The Empress of China earned its backers $30,727, for a return of a little more than 25 percent on their original investment—not nearly as much as they had hoped, but enough to make the voyage a financial success.17 Newspapers announced the ship’s return, and its cargo radiated outward from New York City to be sold in stores up and down the coast. One paper reported that since the ship “brought such articles as we generally import from Europe, a correspondent observes that it presages a future happy period of our being able to dispense with the burdensome and unnecessary traffic which heretofore we have carried on with Europe, to the great prejudice of our rising empire, and future happy prospects of solid greatness: And that whether or not the ship’s cargo be productive of those advantages to the owners, which their merits for the undertaking deserve, he conceives it will promote the welfare of the United States in general, by inspiring their citizens with emulation to equal, if not exceed, their mercantile rivals.” Just above this pronouncement, as if to highlight the significant break with the past symbolized by the Empress of China, there was a notice of a new book just published in London, titled, “The Prospect of a Reunion Between Great Britain and America, by an American Officer.”18 But such a reunion was not to be.
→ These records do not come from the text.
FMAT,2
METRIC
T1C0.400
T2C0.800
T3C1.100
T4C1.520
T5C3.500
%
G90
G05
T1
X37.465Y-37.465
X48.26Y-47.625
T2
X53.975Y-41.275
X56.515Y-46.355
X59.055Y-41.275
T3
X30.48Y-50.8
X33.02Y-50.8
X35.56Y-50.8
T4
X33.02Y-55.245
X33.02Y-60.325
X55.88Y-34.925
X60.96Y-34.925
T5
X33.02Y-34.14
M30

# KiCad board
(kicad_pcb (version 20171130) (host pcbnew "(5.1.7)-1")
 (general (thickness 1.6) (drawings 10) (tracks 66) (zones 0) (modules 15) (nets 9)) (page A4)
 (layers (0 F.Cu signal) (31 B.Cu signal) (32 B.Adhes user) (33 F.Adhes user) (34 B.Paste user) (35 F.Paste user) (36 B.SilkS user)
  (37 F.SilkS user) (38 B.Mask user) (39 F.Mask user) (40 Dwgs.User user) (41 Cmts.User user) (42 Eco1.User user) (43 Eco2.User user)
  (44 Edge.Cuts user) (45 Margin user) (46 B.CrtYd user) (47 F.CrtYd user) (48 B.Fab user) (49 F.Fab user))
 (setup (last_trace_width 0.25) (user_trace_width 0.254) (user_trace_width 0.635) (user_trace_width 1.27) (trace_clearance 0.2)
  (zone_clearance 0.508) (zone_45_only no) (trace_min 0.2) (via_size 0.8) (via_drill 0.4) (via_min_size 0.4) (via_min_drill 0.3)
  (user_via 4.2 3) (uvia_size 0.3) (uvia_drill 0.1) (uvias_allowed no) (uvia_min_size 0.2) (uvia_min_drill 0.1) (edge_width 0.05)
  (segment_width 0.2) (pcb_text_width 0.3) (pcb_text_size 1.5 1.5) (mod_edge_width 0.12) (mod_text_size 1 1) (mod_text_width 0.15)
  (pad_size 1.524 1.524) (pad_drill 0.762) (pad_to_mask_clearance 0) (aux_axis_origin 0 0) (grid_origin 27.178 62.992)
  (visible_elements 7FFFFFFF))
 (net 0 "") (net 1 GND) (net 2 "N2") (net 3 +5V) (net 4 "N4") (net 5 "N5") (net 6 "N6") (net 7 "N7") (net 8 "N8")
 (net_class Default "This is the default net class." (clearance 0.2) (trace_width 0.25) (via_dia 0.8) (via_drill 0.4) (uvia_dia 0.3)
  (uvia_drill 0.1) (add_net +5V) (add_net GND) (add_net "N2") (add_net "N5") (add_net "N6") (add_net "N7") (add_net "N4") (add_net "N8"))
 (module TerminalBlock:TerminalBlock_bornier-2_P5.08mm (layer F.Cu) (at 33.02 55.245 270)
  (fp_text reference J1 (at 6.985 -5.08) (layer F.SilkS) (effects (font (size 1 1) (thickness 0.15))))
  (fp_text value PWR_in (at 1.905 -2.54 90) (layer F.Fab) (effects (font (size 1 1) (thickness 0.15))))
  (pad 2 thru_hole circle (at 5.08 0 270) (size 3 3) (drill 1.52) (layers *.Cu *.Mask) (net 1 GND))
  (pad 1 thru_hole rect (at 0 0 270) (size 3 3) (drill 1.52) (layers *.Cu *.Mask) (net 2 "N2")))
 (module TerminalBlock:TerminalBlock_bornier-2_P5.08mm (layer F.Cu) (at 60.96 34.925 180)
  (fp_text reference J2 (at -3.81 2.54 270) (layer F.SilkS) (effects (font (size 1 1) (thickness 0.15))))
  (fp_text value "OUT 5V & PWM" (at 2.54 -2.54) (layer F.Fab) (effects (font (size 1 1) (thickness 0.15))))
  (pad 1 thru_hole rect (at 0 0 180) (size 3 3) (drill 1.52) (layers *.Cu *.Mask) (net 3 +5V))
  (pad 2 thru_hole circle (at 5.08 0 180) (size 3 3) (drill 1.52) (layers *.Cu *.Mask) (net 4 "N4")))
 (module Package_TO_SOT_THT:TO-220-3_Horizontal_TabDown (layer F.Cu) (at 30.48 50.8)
America was getting back on its feet after the Revolution, and heading in new and profitable directions—the Empress of China’s voyage was proof of that.

Less than a month after the Empress of China docked, a British gentleman residing in New York City wrote a letter to a friend back home, reflecting on the venture. “Among the many novelties which daily flow from the copious sources of fortune, none more singular . . . has presented itself here, than the arrival of the ship the Empress of China,” which had succeeded in bringing back the “golden fleece” in the form of Chinese goods. “This voyage . . . is an immense thing, and opens a vast resource to the United States.” But at the same time the correspondent realized that this success posed a serious threat to the European, and in particular the British, trade with China. “It strikes me as an event that should open the eyes of my native country to the real situation of this rising empire . . . as the great rival to Europe. . . . It has now opened the gates of the East, and the first beams of their morning have promised a splendid meridian to their commercial day.”19

This gentleman’s prescient musings eloquently captured the hope embodied in the Empress of China’s triumphant voyage. He wasn’t the only one who saw in the ship’s return the prospect for the dawning of a new “commercial day,” in which America would bid fair to compete with Britain, and all of Europe, for the riches of the East. As word of the Empress of China’s successful trip spread, a growing number of American merchants headed out to get their piece of the proverbial China pie.